Background

Phase contrast (PC) MR is routinely used to quantify blood flow in postnatal subjects and through the use of metric optimized gating (MOG) has been employed in studies of fetal blood flow in both normal pregnancies and fetal congenital heart disease [13]. Still, the scan time required for high resolution fetal PCMR remains a practical limitation. Recently, compressed sensing (CS) has been integrated with MOG for accelerated CINE imaging of the fetal cardiac anatomy [4]. Here we examine the feasibility of CS for reconstructing retrospectively undersampled PC MR measurements of fetal vessels.

Methods

Fully sampled PCMR data from the ascending and descending aorta were acquired in five fetal subjects (2 normal, 3 congenital heart disease). Typical fetal scan parameters where: VENC 150 cm/s, field of view 240 × 240 mm2, voxel size 1.25 × 1.25 × 5 mm3, TR/TE 6.6 ms/2.92 ms, 4 views per segment, scan time ~34 seconds.
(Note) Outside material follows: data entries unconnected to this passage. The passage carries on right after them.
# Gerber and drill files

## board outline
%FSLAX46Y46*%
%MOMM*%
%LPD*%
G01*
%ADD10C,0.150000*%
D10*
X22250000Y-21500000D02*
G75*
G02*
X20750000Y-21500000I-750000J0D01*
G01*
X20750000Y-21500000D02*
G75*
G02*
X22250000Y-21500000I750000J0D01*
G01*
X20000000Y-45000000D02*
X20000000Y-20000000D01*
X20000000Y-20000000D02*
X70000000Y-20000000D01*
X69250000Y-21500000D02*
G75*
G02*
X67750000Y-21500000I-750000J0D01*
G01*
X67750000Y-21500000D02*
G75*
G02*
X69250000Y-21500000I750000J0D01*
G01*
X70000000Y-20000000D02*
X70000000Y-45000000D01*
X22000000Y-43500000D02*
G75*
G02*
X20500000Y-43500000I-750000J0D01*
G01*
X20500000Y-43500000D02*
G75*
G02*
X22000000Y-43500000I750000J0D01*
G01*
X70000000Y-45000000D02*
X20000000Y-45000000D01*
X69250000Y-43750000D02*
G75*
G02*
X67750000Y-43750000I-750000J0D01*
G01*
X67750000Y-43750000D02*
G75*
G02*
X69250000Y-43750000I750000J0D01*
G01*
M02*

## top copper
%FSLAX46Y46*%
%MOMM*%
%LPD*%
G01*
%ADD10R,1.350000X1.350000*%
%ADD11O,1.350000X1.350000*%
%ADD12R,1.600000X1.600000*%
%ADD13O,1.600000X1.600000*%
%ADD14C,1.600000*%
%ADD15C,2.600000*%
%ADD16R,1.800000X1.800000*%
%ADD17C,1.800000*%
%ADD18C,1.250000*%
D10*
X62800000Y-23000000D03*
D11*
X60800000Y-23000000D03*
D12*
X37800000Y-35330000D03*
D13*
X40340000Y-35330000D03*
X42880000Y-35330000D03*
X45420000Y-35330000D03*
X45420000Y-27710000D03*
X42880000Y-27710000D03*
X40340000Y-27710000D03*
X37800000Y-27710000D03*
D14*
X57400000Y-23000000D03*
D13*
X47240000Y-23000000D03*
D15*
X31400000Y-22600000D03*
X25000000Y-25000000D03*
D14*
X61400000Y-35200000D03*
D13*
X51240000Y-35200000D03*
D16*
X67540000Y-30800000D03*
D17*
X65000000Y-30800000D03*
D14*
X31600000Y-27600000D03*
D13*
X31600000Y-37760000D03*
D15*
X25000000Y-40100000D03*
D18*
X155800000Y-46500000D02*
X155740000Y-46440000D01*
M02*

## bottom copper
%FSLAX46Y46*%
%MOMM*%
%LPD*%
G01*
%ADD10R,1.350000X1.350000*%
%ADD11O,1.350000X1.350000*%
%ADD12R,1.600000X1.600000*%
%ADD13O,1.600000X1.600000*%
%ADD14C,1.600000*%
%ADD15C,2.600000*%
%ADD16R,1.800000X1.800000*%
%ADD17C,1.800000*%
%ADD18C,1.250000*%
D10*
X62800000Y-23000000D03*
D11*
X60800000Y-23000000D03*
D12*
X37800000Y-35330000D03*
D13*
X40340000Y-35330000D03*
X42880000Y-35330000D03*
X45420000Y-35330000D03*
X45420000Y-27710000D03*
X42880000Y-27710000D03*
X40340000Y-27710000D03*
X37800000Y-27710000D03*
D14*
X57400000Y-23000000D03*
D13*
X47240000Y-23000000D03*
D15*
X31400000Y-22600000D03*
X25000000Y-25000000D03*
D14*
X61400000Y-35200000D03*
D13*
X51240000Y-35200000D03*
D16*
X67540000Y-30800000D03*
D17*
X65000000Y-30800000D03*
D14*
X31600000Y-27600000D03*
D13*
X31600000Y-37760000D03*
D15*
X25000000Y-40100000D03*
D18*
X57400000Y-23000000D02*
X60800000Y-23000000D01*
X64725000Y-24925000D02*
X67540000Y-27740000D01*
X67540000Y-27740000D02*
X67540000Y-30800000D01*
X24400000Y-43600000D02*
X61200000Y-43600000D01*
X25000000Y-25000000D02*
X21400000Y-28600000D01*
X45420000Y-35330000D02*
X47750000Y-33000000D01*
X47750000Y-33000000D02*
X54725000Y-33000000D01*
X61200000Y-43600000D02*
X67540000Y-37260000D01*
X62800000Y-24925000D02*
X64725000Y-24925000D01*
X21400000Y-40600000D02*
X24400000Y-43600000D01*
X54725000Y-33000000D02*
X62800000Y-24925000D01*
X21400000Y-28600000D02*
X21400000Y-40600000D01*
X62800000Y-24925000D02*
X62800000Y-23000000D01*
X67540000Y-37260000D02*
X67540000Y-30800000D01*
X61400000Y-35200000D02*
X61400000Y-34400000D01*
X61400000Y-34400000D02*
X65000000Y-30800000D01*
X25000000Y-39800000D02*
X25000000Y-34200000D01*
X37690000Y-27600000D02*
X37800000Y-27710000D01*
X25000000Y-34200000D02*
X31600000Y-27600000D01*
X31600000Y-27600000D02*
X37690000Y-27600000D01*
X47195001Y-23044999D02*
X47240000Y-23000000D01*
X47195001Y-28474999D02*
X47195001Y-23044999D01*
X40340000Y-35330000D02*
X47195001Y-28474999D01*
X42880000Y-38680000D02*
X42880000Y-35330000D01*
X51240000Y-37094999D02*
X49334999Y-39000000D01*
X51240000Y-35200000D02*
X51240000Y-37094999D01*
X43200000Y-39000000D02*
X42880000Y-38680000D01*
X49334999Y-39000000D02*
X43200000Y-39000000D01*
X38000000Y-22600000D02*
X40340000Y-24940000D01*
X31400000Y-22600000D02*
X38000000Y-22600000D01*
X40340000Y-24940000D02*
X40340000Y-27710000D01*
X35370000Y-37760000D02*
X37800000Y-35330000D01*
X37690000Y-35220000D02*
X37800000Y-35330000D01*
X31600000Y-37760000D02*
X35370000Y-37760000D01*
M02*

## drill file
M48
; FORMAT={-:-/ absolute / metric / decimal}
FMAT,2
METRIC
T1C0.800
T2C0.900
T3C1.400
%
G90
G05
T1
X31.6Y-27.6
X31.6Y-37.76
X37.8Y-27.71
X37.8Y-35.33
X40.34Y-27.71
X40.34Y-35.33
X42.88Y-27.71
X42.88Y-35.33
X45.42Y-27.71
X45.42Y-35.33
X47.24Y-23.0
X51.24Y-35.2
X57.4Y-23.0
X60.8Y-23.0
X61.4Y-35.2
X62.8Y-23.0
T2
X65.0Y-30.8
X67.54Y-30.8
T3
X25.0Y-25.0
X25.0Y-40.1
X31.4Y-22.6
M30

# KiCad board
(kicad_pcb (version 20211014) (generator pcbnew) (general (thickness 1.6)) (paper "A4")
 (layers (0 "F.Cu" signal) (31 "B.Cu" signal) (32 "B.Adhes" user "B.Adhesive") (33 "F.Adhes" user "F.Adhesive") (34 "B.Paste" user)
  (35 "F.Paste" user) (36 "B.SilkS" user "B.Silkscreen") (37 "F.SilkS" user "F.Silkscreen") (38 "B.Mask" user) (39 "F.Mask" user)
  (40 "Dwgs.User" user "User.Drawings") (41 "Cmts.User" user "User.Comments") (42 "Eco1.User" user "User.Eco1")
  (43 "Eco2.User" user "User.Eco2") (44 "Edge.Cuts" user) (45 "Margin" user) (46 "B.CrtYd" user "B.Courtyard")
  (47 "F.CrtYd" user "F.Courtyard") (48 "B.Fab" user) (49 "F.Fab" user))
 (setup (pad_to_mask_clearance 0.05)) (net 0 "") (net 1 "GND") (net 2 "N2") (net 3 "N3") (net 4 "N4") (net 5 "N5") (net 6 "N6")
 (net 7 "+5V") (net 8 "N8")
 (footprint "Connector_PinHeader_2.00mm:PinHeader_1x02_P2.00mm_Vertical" (layer "F.Cu") (at 62.8 23 -90)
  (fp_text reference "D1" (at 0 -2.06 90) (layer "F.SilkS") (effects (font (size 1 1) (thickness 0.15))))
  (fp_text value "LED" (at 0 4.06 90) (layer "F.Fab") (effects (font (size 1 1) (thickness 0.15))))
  (pad "1" thru_hole rect locked (at 0 0 270) (size 1.35 1.35) (drill 0.8) (layers *.Cu *.Mask) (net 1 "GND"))
  (pad "2" thru_hole oval locked (at 0 2 270) (size 1.35 1.35) (drill 0.8) (layers *.Cu *.Mask) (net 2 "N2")))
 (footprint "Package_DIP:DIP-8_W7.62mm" (layer "F.Cu") (at 37.8 35.33 90)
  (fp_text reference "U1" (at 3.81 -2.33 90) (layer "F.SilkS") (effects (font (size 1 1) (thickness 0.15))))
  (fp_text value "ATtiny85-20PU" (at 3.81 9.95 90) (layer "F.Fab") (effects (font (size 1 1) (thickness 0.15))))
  (pad "1" thru_hole rect locked (at 0 0 90) (size 1.6 1.6) (drill 0.8) (layers *.Cu *.Mask) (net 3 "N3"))
  (pad "2" thru_hole oval locked (at 0 2.54 90) (size 1.6 1.6) (drill 0.8) (layers *.Cu *.Mask) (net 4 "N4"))
  (pad "3" thru_hole oval locked (at 0 5.08 90) (size 1.6 1.6) (drill 0.8) (layers *.Cu *.Mask) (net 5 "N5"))
  (pad "4" thru_hole oval locked (at 0 7.62 90) (size 1.6 1.6) (drill 0.8) (layers *.Cu *.Mask) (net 1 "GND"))
  (pad "5" thru_hole oval locked (at 7.62 7.62 90) (size 1.6 1.6) (drill 0.8) (layers *.Cu *.Mask))
  (pad "6" thru_hole oval locked (at 7.62 5.08 90) (size 1.6 1.6) (drill 0.8) (layers *.Cu *.Mask))
  (pad "7" thru_hole oval locked (at 7.62 2.54 90) (size 1.6 1.6) (drill 0.8) (layers *.Cu *.Mask) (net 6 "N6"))
  (pad "8" thru_hole oval locked (at 7.62 0 90) (size 1.6 1.6) (drill 0.8) (layers *.Cu *.Mask) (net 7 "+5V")))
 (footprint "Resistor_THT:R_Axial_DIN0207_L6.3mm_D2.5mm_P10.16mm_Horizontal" (layer "F.Cu") (at 57.4 23 180)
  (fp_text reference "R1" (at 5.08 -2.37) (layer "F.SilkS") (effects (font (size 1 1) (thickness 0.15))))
For each fully sampled data set MOG was performed to create time resolved CINE data sets which were then retrospectively undersampled (R = 2,4,6) and quantitatively compared to the fully sampled MOG data.

Results

Figure 1 shows an example flow curve of the human fetal ascending aorta for both fully sampled and undersampled (R=6) reconstructions. Figure 2 demonstrated comparable measurements of total blood volume per cardiac cycle between fully sampled and undersampled reconstructions (R=6). Finally a Bland-Altman plot (Figure 2b) shows good agreement between the two reconstruction methods.

Figure 1
figure 1

Example flow curves through the healthy human fetal ascending aorta for fully sampled and undersampled (R=6) CS reconstructions.

Figure 2
figure 2

Total blood volume per cardiac cycle for undersampled (R=6) versus fully sampled reconstructions. a) Line plot. b) Bland-Altman plot.

Conclusions

The feasibility of CS for reconstructing accelerated PC MR measurements of human fetal blood flow was accessed through retrospective undersampling of fully sampled MOG data. The results yielded accurate flow measurements for acceleration rates up to R=6. Further study using prospectively undersampled data is needed to evaluate this technique for clinical use.